I am delighted to hear about the news that Palaweños has rejected the proposal to split it into three separate provinces. I hope the voters do the same to those who sponsored it in the next elections. Never forget who pushed for hacking the great province into several parts.
Splitting provinces into several parts is an old trick that politicians pull out of the bag every now and again. Yeah, it’s for economic growth benefits, right? That it’s for our own good and it’s for our future. Yey. These people still think we’re fools.
We need leaders there that have creative problem-solving skills and political will. We have many provinces that have been hacked, most are still not progressing—madami backwards pa din.
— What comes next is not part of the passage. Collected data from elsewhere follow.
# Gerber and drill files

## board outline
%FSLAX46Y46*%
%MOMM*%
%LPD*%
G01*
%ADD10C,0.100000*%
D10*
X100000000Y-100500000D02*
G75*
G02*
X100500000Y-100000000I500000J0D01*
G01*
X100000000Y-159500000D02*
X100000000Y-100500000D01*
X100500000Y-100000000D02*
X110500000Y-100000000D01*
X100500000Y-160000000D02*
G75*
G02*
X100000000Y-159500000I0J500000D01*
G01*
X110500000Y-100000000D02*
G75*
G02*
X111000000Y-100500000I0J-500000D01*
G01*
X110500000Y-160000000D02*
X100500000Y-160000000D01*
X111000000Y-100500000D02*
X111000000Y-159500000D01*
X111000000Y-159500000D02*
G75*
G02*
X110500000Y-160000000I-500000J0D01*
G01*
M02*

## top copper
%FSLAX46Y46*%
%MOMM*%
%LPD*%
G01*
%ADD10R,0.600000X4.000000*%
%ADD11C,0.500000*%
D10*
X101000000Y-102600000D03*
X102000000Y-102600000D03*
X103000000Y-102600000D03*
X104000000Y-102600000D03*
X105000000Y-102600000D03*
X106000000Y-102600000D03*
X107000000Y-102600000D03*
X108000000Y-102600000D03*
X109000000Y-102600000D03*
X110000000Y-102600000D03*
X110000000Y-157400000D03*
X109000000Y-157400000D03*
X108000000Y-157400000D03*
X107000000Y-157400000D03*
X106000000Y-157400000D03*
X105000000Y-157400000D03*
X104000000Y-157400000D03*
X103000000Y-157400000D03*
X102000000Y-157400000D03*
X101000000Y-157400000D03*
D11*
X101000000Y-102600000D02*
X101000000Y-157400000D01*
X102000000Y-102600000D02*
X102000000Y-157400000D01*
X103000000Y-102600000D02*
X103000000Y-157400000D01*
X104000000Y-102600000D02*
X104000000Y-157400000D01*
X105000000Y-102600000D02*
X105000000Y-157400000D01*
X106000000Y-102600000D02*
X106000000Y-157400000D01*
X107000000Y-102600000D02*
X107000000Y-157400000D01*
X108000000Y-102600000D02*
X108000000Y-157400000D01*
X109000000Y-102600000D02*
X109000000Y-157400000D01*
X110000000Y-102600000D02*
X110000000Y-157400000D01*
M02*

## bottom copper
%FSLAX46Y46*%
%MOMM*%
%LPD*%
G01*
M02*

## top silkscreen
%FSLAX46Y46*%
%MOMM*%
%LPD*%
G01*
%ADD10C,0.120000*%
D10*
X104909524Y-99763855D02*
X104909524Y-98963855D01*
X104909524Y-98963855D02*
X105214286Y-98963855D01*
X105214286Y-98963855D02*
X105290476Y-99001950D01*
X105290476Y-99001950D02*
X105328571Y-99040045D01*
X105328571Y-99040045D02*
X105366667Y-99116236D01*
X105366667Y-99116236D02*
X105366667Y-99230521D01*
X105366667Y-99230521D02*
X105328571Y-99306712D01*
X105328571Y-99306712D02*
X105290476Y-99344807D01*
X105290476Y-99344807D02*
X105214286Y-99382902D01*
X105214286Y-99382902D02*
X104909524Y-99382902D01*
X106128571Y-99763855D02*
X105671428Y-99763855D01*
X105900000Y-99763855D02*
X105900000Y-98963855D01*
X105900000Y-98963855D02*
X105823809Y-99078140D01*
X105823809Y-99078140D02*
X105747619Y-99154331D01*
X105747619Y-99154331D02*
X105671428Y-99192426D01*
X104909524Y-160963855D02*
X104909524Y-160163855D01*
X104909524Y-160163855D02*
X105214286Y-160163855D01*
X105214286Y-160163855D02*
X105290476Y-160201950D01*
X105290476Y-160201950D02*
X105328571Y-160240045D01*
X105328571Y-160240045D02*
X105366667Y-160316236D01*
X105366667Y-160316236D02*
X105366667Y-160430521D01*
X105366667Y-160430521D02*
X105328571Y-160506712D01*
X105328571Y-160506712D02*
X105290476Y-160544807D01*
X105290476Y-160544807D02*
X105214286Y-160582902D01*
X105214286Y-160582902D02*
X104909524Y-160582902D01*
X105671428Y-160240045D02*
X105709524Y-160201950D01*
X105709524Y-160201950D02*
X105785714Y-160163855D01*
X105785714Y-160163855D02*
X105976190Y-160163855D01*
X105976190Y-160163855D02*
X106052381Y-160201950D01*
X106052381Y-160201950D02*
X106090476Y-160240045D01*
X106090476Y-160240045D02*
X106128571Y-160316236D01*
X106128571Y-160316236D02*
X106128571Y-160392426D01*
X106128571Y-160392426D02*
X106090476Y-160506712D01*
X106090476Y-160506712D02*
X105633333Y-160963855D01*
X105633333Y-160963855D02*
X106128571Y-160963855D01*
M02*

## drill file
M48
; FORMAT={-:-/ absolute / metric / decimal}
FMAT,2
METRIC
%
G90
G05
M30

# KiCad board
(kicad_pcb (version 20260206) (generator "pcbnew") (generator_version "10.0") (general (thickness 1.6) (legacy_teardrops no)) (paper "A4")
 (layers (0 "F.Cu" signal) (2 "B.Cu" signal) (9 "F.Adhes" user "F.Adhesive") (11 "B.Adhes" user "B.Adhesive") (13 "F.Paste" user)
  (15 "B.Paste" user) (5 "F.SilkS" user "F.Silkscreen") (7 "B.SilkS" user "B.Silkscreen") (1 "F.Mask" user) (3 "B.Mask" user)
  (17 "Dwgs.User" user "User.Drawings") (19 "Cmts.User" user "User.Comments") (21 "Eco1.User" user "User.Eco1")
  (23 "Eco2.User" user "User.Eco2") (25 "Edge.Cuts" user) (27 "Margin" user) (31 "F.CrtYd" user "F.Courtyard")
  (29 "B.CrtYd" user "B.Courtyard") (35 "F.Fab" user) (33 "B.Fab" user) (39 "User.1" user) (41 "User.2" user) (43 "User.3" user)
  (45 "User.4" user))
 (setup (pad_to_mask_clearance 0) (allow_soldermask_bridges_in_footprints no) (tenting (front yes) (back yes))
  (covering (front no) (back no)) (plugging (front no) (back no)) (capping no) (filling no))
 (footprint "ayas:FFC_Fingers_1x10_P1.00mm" (layer "F.Cu") (at 105.5 102.6)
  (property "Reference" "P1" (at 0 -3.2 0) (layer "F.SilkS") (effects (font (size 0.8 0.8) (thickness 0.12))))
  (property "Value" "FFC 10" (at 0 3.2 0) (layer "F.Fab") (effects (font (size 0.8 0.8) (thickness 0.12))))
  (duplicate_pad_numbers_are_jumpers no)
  (pad "1" smd rect (at -4.5 0) (size 0.6 4) (layers "F.Cu" "F.Mask") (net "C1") (solder_mask_margin 0))
  (pad "2" smd rect (at -3.5 0) (size 0.6 4) (layers "F.Cu" "F.Mask") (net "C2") (solder_mask_margin 0))
  (pad "3" smd rect (at -2.5 0) (size 0.6 4) (layers "F.Cu" "F.Mask") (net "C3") (solder_mask_margin 0))
  (pad "4" smd rect (at -1.5 0) (size 0.6 4) (layers "F.Cu" "F.Mask") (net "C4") (solder_mask_margin 0))
  (pad "5" smd rect (at -0.5 0) (size 0.6 4) (layers "F.Cu" "F.Mask") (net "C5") (solder_mask_margin 0))
  (pad "6" smd rect (at 0.5 0) (size 0.6 4) (layers "F.Cu" "F.Mask") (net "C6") (solder_mask_margin 0))
  (pad "7" smd rect (at 1.5 0) (size 0.6 4) (layers "F.Cu" "F.Mask") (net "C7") (solder_mask_margin 0))
  (pad "8" smd rect (at 2.5 0) (size 0.6 4) (layers "F.Cu" "F.Mask") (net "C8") (solder_mask_margin 0))
  (pad "9" smd rect (at 3.5 0) (size 0.6 4) (layers "F.Cu" "F.Mask") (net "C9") (solder_mask_margin 0))
  (pad "10" smd rect (at 4.5 0) (size 0.6 4) (layers "F.Cu" "F.Mask") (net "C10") (solder_mask_margin 0)))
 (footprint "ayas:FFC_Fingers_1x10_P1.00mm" (layer "F.Cu") (at 105.5 157.4 180)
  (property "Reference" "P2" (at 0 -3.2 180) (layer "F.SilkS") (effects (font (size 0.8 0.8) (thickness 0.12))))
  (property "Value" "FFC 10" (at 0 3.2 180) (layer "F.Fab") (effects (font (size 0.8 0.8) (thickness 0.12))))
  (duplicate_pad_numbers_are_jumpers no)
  (pad "1" smd rect (at -4.5 0 180) (size 0.6 4) (layers "F.Cu" "F.Mask") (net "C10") (solder_mask_margin 0))
  (pad "2" smd rect (at -3.5 0 180) (size 0.6 4) (layers "F.Cu" "F.Mask") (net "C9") (solder_mask_margin 0))
  (pad "3" smd rect (at -2.5 0 180) (size 0.6 4) (layers "F.Cu" "F.Mask") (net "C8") (solder_mask_margin 0))
  (pad "4" smd rect (at -1.5 0 180) (size 0.6 4) (layers "F.Cu" "F.Mask") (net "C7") (solder_mask_margin 0))
  (pad "5" smd rect (at -0.5 0 180) (size 0.6 4) (layers "F.Cu" "F.Mask") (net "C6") (solder_mask_margin 0))
  (pad "6" smd rect (at 0.5 0 180) (size 0.6 4) (layers "F.Cu" "F.Mask") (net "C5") (solder_mask_margin 0))
  (pad "7" smd rect (at 1.5 0 180) (size 0.6 4) (layers "F.Cu" "F.Mask") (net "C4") (solder_mask_margin 0))
  (pad "8" smd rect (at 2.5 0 180) (size 0.6 4) (layers "F.Cu" "F.Mask") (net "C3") (solder_mask_margin 0))
  (pad "9" smd rect (at 3.5 0 180) (size 0.6 4) (layers "F.Cu" "F.Mask") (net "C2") (solder_mask_margin 0))
  (pad "10" smd rect (at 4.5 0 180) (size 0.6 4) (layers "F.Cu" "F.Mask") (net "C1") (solder_mask_margin 0)))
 (gr_arc (start 100 100.5) (mid 100.146447 100.146447) (end 100.5 100) (stroke (width 0.1) (type default)) (layer "Edge.Cuts"))
 (gr_line (start 100 159.5) (end 100 100.5) (stroke (width 0.1) (type default)) (layer "Edge.Cuts"))
 (gr_line (start 100.5 100) (end 110.5 100) (stroke (width 0.1) (type default)) (layer "Edge.Cuts"))
 (gr_arc (start 100.5 160) (mid 100.146447 159.853553) (end 100 159.5) (stroke (width 0.1) (type default)) (layer "Edge.Cuts"))
 (gr_arc (start 110.5 100) (mid 110.853553 100.146447) (end 111 100.5) (stroke (width 0.1) (type default)) (layer "Edge.Cuts"))
 (gr_line (start 110.5 160) (end 100.5 160) (stroke (width 0.1) (type default)) (layer "Edge.Cuts"))
 (gr_line (start 111 100.5) (end 111 159.5) (stroke (width 0.1) (type default)) (layer "Edge.Cuts"))
 (gr_arc (start 111 159.5) (mid 110.853553 159.853553) (end 110.5 160) (stroke (width 0.1) (type default)) (layer "Edge.Cuts"))
 (segment (start 101 102.6) (end 101 157.4) (width 0.5) (layer "F.Cu") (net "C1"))
 (segment (start 102 102.6) (end 102 157.4) (width 0.5) (layer "F.Cu") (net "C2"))
 (segment (start 103 102.6) (end 103 157.4) (width 0.5) (layer "F.Cu") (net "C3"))
 (segment (start 104 102.6) (end 104 157.4) (width 0.5) (layer "F.Cu") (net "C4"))
 (segment (start 105 102.6) (end 105 157.4) (width 0.5) (layer "F.Cu") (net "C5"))
 (segment (start 106 102.6) (end 106 157.4) (width 0.5) (layer "F.Cu") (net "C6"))
 (segment (start 107 102.6) (end 107 157.4) (width 0.5) (layer "F.Cu") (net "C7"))
 (segment (start 108 102.6) (end 108 157.4) (width 0.5) (layer "F.Cu") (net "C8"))
 (segment (start 109 102.6) (end 109 157.4) (width 0.5) (layer "F.Cu") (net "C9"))
 (segment (start 110 102.6) (end 110 157.4) (width 0.5) (layer "F.Cu") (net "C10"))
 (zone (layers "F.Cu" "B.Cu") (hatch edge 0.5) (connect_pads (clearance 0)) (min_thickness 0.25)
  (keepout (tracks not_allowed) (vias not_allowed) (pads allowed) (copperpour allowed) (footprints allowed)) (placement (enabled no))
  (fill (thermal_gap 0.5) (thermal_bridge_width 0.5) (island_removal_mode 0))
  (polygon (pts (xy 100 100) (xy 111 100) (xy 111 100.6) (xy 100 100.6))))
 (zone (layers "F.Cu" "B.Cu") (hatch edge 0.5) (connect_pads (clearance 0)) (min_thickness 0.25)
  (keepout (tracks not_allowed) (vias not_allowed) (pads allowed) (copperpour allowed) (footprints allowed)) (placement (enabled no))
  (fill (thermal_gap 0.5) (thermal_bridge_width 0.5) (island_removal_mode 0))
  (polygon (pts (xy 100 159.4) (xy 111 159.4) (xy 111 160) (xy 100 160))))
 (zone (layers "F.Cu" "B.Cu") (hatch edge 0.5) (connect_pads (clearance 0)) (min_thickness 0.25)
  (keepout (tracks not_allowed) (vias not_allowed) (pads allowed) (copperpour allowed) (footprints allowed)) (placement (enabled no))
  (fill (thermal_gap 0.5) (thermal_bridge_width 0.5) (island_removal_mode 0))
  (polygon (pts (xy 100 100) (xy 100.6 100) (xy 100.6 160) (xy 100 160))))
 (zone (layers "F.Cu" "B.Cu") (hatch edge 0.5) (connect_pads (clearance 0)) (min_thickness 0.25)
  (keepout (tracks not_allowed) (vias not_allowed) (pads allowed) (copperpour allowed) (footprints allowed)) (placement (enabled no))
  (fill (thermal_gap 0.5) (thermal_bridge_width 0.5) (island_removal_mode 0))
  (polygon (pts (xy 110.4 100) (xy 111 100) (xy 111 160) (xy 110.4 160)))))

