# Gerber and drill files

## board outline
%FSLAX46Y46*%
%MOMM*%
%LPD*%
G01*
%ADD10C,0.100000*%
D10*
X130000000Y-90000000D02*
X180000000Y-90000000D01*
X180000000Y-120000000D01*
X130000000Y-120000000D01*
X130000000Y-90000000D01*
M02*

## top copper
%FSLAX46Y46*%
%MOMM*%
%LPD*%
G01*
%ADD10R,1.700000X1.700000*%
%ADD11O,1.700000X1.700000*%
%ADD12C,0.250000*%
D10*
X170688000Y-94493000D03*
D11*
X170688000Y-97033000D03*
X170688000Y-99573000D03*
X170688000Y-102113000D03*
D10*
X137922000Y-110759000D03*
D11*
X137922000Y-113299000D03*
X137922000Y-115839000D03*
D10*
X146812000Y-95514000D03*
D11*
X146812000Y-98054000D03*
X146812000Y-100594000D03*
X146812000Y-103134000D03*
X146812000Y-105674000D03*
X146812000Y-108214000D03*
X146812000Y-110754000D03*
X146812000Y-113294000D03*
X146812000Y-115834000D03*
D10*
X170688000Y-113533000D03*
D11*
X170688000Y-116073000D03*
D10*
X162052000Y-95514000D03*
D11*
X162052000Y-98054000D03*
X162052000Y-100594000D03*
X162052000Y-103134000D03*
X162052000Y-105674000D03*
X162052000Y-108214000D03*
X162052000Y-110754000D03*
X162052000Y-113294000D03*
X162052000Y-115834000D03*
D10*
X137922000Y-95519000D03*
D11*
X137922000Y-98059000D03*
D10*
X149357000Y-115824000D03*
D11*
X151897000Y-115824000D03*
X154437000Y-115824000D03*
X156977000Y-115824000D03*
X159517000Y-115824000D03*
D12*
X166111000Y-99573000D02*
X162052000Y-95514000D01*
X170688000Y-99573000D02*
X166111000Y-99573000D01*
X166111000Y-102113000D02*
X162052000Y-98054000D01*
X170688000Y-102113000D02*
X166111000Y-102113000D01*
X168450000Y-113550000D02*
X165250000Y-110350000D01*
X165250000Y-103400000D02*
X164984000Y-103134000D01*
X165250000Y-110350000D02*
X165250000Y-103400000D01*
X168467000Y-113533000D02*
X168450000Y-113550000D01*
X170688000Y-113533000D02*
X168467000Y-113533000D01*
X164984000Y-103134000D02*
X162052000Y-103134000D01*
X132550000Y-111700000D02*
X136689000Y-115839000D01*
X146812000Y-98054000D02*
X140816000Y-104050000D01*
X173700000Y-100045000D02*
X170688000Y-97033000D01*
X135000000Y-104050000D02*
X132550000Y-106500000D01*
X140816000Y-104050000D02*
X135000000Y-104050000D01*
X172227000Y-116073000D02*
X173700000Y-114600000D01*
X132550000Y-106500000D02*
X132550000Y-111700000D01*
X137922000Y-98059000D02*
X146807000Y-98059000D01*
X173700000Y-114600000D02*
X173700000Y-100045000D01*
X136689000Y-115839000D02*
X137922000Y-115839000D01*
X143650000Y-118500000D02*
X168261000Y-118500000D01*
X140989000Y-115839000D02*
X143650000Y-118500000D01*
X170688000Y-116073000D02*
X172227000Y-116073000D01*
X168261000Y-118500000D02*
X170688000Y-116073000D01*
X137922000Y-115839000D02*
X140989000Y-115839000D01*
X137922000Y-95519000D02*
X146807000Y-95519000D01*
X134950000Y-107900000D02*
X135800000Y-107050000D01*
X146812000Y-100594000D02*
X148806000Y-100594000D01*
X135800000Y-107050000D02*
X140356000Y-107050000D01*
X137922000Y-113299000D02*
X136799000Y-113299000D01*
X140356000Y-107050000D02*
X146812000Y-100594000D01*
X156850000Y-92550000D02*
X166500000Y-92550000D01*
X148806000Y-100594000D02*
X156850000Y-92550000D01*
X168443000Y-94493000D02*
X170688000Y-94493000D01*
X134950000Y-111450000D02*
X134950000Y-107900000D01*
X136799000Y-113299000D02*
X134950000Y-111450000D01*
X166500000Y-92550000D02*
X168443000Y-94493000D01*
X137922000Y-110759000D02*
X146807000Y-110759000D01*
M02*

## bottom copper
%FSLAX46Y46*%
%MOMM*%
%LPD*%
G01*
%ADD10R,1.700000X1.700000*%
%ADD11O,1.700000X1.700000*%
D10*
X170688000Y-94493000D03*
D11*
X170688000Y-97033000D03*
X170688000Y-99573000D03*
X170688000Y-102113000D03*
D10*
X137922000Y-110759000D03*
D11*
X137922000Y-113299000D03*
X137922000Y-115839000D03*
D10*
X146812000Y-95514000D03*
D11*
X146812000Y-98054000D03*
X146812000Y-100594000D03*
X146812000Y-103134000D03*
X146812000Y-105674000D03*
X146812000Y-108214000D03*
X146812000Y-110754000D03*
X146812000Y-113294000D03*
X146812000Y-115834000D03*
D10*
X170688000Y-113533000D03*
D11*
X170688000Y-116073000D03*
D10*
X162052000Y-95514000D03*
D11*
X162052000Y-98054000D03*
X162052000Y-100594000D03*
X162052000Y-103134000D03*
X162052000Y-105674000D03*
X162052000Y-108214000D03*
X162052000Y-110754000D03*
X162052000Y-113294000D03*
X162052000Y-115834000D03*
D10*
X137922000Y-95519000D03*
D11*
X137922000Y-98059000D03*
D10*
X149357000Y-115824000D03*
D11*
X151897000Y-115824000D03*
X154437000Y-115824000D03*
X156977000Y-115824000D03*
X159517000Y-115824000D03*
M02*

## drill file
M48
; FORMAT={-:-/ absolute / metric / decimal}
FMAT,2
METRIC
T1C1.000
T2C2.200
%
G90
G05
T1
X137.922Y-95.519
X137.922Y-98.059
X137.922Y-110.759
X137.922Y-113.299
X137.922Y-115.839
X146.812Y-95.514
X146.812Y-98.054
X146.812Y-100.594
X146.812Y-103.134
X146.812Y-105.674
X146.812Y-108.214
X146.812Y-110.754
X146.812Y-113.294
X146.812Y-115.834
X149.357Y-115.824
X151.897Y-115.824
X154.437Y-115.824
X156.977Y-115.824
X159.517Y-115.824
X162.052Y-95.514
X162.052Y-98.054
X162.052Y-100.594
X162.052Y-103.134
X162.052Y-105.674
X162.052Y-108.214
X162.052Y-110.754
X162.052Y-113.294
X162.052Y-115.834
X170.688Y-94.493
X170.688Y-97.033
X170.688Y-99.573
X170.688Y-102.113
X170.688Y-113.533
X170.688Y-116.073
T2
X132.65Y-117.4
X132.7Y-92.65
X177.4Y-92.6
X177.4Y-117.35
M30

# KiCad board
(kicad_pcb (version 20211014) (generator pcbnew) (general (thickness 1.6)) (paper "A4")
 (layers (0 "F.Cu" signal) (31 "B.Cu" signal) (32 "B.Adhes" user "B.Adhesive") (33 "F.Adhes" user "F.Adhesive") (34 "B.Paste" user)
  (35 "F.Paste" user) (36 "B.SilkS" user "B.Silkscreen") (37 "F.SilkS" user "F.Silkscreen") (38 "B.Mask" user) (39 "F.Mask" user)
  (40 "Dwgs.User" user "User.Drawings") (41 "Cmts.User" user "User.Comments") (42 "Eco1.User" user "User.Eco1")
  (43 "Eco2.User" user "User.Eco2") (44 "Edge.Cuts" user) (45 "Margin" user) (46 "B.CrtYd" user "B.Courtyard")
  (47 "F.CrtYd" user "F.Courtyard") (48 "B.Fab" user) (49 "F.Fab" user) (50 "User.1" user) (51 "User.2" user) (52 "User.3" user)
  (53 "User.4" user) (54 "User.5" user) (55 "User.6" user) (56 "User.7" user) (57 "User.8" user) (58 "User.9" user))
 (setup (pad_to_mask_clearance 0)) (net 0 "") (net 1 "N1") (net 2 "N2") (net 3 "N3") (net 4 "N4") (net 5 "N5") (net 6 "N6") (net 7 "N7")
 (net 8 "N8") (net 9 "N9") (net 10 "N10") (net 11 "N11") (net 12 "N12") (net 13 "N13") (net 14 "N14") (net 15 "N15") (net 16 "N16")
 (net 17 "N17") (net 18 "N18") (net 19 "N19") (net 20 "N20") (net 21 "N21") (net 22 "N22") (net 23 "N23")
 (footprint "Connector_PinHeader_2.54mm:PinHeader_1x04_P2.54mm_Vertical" (layer "F.Cu") (at 170.688 94.493)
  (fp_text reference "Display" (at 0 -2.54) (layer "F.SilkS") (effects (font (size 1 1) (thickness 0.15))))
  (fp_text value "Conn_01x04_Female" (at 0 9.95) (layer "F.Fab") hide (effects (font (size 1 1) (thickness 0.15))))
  (pad "1" thru_hole rect (at 0 0) (size 1.7 1.7) (drill 1) (layers *.Cu *.Mask) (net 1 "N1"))
  (pad "2" thru_hole oval (at 0 2.54) (size 1.7 1.7) (drill 1) (layers *.Cu *.Mask) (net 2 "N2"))
  (pad "3" thru_hole oval (at 0 5.08) (size 1.7 1.7) (drill 1) (layers *.Cu *.Mask) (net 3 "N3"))
  (pad "4" thru_hole oval (at 0 7.62) (size 1.7 1.7) (drill 1) (layers *.Cu *.Mask) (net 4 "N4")))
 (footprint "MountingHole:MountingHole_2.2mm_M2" (layer "F.Cu") (at 177.4 92.6)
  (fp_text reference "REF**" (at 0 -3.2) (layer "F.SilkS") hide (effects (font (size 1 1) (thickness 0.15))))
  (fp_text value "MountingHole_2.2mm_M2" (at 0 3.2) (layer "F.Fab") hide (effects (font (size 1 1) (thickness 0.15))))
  (pad "" np_thru_hole circle (at 0 0) (size 2.2 2.2) (drill 2.2) (layers *.Cu *.Mask)))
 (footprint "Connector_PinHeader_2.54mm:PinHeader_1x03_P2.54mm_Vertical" (layer "F.Cu") (at 137.922 110.759)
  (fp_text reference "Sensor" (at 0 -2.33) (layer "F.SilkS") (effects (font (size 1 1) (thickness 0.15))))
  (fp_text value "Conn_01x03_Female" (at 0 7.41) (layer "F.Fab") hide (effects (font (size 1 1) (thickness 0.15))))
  (pad "1" thru_hole rect (at 0 0) (size 1.7 1.7) (drill 1) (layers *.Cu *.Mask) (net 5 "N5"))
  (pad "2" thru_hole oval (at 0 2.54) (size 1.7 1.7) (drill 1) (layers *.Cu *.Mask) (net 1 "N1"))
  (pad "3" thru_hole oval (at 0 5.08) (size 1.7 1.7) (drill 1) (layers *.Cu *.Mask) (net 2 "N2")))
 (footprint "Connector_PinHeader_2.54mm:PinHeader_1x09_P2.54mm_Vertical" (layer "F.Cu") (at 146.812 95.514)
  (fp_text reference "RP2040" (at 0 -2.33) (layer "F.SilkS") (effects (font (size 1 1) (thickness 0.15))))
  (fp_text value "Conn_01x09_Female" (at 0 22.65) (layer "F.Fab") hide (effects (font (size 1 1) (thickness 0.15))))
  (pad "1" thru_hole rect (at 0 0) (size 1.7 1.7) (drill 1) (layers *.Cu *.Mask) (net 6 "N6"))
  (pad "2" thru_hole oval (at 0 2.54) (size 1.7 1.7) (drill 1) (layers *.Cu *.Mask) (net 2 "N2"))
  (pad "3" thru_hole oval (at 0 5.08) (size 1.7 1.7) (drill 1) (layers *.Cu *.Mask) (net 1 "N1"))
  (pad "4" thru_hole oval (at 0 7.62) (size 1.7 1.7) (drill 1) (layers *.Cu *.Mask) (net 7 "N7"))
  (pad "5" thru_hole oval (at 0 10.16) (size 1.7 1.7) (drill 1) (layers *.Cu *.Mask) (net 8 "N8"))
  (pad "6" thru_hole oval (at 0 12.7) (size 1.7 1.7) (drill 1) (layers *.Cu *.Mask) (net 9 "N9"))
  (pad "7" thru_hole oval (at 0 15.24) (size 1.7 1.7) (drill 1) (layers *.Cu *.Mask) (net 5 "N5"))
  (pad "8" thru_hole oval (at 0 17.78) (size 1.7 1.7) (drill 1) (layers *.Cu *.Mask) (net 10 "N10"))
  (pad "9" thru_hole oval (at 0 20.32) (size 1.7 1.7) (drill 1) (layers *.Cu *.Mask) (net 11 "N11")))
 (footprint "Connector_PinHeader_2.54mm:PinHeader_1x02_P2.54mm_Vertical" (layer "F.Cu") (at 170.688 113.533)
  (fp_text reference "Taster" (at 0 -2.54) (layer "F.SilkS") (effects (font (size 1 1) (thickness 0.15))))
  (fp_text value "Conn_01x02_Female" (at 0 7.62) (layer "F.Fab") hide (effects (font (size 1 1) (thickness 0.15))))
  (pad "1" thru_hole rect (at 0 0) (size 1.7 1.7) (drill 1) (layers *.Cu *.Mask) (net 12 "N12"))
  (pad "2" thru_hole oval (at 0 2.54) (size 1.7 1.7) (drill 1) (layers *.Cu *.Mask) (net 2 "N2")))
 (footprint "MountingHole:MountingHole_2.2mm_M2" (layer "F.Cu") (at 132.7 92.65)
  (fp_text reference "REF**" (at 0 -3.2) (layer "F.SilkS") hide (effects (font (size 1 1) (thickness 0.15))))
That right there tells us that the split didn’t solve anything. In fact, for some, it achieved the opposite. But still, so many of us still buy into it.
Well, splitting provinces creates more governors and congressmen. So I guess the positive take here is that it creates employment? (LOL) We have more laws than we require. We don’t need more laws. We need enforcement. We don’t need more politicians.
Let me share a part of Nick Joaquin’s essay, the Heritage of Smallness, where he wrote about this splitting like atom-like behavior when confronted by a great challenge:
But Philippines provinces are microscopic compared to an American state like, say, Texas, where the local government isn’t heard complaining it can’t efficiently handle so vast an area. We, on the other hand, make a confession of character whenever we split up a town or province to avoid having to cope, admitting that, on that scale, we can’t be efficient; we are capable only of the small. The decentralization and barrio-autonomy movement express our craving to return to the one unit of society we feel adequate to the barangay, with its 30 to a hundred families. Anything larger intimidates. We would deliberately limit ourselves to the small performance. This attitude, an immemorial one, explains why we’re finding it so hard to become a nation, and why our pagan forefathers could not even imagine the task. Not E Pluribus, Unum is the impulse in our culture but Out of many, fragments. Foreigners had to come and unite our land for us; the labor was far beyond our powers. Great was the King of Sugbu, but he couldn’t even control the tiny isle across his bay. Federation is still not even an idea for the tribes of the North, and the Moro sultanates behave like our political parties: they keep splitting off into particles.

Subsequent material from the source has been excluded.